Responses to single Ad5 15-mer peptides were mapped by IFN-γ ELISPOT in 18 HVTN 071 vaccine recipients and 14 unvaccinated HIV-uninfected SACs. Breadth (A) and distribution (B) for each targeted 15-mer are shown for 13 HVTN 071 vaccinees (open squares) and 10 SACs (gray circles) with at least 1 positive response. Red bars represent medians. (A) Total breadth as measured by the number of targeted 15-mers across all tested proteins; two overlapping 15-mers were counted as a single response. (B) Number of targeted 15-mers per Ad5 protein (fiber generated no responses).
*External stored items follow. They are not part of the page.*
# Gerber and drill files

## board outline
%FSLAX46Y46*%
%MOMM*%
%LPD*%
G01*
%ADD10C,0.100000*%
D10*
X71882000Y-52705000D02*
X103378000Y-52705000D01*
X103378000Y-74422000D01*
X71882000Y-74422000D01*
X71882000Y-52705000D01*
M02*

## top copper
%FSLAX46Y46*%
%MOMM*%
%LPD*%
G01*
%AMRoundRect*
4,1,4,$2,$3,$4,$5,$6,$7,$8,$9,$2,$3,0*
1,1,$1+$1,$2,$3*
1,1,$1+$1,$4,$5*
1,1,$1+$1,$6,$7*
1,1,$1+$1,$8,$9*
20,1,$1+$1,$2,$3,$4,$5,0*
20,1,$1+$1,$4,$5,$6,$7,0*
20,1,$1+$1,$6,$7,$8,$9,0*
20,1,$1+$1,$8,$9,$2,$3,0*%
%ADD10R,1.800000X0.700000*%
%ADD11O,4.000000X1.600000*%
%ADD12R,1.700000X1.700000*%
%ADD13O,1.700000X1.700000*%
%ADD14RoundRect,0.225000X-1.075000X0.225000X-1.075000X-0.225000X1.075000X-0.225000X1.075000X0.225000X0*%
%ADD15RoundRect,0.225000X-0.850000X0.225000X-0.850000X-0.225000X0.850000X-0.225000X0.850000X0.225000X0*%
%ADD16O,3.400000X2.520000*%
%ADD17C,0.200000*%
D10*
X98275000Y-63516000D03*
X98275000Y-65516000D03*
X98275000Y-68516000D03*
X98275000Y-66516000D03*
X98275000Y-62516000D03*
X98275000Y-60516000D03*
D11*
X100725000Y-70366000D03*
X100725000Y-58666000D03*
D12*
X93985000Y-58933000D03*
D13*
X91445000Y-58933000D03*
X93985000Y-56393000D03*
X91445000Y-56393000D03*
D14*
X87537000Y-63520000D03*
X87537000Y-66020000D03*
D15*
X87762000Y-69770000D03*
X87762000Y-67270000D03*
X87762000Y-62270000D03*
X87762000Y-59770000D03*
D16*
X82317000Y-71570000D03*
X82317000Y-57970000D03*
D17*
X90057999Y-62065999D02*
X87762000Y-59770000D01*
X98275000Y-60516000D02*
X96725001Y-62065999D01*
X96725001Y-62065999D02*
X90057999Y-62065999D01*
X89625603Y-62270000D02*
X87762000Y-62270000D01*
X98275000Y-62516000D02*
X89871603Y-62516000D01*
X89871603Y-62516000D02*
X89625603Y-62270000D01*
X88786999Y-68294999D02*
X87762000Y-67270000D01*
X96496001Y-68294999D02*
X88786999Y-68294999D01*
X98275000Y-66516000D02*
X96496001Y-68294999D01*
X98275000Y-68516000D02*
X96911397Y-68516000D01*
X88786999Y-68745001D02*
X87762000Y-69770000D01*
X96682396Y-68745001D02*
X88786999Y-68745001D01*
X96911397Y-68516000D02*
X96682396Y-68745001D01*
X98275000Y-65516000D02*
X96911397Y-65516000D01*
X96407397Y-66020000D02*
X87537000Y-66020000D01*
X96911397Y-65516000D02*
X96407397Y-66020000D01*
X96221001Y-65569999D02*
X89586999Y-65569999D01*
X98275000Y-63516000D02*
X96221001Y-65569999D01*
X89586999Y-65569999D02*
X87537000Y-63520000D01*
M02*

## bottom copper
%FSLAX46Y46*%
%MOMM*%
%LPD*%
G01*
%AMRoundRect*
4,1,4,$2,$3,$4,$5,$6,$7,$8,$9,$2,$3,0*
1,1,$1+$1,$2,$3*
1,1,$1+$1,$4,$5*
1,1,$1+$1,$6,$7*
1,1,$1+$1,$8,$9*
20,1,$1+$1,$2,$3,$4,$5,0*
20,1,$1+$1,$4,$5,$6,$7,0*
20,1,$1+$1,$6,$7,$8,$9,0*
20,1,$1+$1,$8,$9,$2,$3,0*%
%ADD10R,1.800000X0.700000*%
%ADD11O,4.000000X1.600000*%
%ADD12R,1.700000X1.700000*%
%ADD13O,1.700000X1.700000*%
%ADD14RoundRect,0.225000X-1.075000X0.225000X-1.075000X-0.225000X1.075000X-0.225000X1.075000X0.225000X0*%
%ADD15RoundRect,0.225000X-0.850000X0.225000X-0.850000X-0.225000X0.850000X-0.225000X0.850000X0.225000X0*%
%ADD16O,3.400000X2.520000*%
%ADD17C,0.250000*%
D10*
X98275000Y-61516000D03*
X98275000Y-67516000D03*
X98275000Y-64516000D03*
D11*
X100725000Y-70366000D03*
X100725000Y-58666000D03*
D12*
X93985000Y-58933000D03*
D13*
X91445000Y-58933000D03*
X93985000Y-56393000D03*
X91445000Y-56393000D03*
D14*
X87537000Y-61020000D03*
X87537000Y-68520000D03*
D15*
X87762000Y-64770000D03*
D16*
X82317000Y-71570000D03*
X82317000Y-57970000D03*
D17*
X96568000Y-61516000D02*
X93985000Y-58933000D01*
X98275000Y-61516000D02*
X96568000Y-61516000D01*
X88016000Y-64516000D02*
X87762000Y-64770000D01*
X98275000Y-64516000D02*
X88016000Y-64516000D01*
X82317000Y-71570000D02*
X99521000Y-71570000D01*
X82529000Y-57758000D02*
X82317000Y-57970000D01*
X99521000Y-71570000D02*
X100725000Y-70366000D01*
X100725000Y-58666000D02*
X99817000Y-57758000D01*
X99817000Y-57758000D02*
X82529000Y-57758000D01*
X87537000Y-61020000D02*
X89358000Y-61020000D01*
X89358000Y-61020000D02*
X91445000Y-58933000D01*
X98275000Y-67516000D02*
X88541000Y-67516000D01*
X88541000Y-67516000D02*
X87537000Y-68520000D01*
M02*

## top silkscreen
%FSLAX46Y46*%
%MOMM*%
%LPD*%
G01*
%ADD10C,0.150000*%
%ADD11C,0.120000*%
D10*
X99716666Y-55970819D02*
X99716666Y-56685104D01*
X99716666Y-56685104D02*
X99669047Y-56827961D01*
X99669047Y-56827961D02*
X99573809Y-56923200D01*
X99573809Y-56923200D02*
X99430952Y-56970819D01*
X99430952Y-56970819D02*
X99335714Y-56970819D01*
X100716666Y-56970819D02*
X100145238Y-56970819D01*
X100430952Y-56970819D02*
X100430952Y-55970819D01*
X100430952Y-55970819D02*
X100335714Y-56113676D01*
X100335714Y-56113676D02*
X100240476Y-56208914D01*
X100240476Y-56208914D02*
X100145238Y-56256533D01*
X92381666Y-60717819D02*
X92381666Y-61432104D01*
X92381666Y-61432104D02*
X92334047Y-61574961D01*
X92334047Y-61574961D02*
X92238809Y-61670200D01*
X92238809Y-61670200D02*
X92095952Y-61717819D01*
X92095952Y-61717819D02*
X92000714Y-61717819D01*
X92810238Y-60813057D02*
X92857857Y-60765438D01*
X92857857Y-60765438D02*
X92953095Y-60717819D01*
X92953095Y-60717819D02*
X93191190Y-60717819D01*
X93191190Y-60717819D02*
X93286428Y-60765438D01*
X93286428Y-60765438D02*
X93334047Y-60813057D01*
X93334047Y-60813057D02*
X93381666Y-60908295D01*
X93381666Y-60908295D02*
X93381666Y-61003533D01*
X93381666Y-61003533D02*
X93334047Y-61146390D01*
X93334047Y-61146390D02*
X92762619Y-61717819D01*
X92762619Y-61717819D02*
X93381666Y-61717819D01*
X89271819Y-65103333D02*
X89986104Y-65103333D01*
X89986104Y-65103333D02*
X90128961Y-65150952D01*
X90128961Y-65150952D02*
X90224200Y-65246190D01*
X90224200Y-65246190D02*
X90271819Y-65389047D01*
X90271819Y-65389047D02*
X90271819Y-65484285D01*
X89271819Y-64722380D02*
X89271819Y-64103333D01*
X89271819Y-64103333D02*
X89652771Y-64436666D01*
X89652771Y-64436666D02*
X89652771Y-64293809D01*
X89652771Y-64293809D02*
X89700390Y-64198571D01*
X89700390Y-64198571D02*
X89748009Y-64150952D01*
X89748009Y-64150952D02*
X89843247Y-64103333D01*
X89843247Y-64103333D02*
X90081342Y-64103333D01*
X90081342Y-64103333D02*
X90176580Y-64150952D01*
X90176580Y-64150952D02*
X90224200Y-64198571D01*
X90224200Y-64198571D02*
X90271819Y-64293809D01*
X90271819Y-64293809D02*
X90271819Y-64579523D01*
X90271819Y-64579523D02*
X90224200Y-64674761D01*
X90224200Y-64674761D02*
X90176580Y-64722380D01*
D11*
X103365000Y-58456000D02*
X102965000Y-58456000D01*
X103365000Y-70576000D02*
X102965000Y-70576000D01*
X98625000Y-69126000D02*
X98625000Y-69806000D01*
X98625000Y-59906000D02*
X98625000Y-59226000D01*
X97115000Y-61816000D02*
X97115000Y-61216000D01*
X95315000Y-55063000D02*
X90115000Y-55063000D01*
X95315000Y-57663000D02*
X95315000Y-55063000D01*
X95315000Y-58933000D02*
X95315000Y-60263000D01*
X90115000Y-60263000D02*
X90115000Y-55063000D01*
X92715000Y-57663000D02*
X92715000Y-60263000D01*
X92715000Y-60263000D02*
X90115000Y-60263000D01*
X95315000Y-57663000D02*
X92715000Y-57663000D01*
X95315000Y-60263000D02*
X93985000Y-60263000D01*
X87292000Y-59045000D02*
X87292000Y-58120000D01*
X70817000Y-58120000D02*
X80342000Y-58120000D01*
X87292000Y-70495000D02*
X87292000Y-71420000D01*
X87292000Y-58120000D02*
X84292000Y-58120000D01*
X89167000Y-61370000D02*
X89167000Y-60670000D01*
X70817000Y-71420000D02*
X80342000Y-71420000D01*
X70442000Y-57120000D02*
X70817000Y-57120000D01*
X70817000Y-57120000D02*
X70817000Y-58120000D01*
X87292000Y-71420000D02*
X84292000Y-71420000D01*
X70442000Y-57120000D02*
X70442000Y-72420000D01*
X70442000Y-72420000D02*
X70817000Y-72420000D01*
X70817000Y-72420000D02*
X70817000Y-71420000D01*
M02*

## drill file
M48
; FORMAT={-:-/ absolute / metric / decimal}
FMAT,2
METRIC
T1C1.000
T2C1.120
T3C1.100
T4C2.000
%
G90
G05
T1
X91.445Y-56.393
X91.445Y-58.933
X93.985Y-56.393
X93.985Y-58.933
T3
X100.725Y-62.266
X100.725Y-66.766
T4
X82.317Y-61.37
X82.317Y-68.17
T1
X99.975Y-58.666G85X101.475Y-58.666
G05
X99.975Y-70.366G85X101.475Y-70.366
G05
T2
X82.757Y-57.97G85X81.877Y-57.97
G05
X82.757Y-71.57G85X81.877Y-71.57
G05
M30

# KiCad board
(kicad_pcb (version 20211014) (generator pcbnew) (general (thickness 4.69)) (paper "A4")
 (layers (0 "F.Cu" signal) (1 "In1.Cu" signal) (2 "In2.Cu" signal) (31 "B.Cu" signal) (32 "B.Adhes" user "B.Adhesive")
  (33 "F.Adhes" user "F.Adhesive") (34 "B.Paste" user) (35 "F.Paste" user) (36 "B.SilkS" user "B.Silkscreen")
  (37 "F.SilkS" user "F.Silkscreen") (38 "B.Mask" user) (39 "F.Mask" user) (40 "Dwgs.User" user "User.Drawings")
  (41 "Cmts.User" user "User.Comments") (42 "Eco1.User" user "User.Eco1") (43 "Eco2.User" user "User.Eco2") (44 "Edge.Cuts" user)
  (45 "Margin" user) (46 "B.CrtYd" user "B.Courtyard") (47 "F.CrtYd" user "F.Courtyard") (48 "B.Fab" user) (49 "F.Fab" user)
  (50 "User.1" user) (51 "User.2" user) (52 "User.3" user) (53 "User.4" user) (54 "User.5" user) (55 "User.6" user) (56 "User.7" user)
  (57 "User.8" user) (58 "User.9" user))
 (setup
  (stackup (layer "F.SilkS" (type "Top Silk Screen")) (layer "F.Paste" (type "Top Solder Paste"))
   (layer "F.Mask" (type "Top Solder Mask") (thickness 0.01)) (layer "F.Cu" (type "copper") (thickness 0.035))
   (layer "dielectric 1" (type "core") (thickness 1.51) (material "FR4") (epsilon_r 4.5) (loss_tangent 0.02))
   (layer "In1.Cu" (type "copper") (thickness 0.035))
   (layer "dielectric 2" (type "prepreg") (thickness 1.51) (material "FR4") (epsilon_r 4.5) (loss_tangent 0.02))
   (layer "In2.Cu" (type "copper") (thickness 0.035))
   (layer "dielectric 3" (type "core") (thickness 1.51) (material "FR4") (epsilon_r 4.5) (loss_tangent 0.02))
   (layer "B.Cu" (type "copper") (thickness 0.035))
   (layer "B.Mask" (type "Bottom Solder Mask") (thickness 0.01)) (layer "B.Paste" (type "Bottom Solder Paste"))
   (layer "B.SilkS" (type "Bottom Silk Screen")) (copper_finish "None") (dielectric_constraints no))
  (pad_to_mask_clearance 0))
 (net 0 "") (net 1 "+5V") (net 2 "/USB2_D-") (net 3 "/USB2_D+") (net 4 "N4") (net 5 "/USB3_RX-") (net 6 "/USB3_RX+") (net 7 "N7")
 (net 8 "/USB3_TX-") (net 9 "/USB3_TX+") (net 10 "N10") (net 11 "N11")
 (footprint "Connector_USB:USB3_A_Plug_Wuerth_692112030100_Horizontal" (layer "F.Cu") (at 100.05 64.516)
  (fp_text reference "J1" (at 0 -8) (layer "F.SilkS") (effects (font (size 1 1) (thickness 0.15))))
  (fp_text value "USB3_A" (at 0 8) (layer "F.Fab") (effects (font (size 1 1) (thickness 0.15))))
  (fp_line (start 3.315 -6.06) (end 2.915 -6.06) (layer "F.SilkS") (width 0.12))
  (fp_line (start 3.315 6.06) (end 2.915 6.06) (layer "F.SilkS") (width 0.12))
  (fp_line (start -1.425 4.61) (end -1.425 5.29) (layer "F.SilkS") (width 0.12))
  (fp_line (start -1.425 -4.61) (end -1.425 -5.29) (layer "F.SilkS") (width 0.12))
  (fp_line (start -2.935 -2.7) (end -2.935 -3.3) (layer "F.SilkS") (width 0.12))
  (pad "" np_thru_hole circle (at 0.675 2.25 90) (size 1.1 1.1) (drill 1.1) (layers *.Cu *.Mask))
  (pad "" np_thru_hole circle (at 0.675 -2.25 90) (size 1.1 1.1) (drill 1.1) (layers *.Cu *.Mask))
  (pad "1" smd rect (at -1.775 -3 90) (size 0.7 1.8) (layers "B.Cu" "F.Paste" "F.Mask") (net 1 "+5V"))
  (pad "2" smd rect (at -1.775 -1 90) (size 0.7 1.8) (layers "F.Cu" "F.Paste" "F.Mask") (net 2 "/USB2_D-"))
  (pad "3" smd rect (at -1.775 1 90) (size 0.7 1.8) (layers "F.Cu" "F.Paste" "F.Mask") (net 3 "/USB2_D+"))
  (pad "4" smd rect (at -1.775 3 90) (size 0.7 1.8) (layers "B.Cu" "F.Paste" "F.Mask") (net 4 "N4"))
  (pad "5" smd rect (at -1.775 4 90) (size 0.7 1.8) (layers "F.Cu" "F.Paste" "F.Mask") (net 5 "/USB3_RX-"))
  (pad "6" smd rect (at -1.775 2 90) (size 0.7 1.8) (layers "F.Cu" "F.Paste" "F.Mask") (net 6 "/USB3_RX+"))
  (pad "7" smd rect (at -1.775 0 90) (size 0.7 1.8) (layers "B.Cu" "F.Paste" "F.Mask") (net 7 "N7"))
  (pad "8" smd rect (at -1.775 -2 90) (size 0.7 1.8) (layers "F.Cu" "F.Paste" "F.Mask") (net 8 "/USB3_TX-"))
Figure 5. Targeted hexon 15-mers are conserved across adenovirus serogroups.

Amino acid alignment is shown for group C adenoviruses (Ad1, Ad2, Ad5, and Ad6), Ad26 (group D), and Ad35 (group B). Light gray represents 15-mer sequences targeted in HVTN 071 vaccine recipients only; dark gray represents 15-mer sequences targeted in unvaccinated SAC subjects only; black represents 15-mer sequences recognized by participants from both cohorts.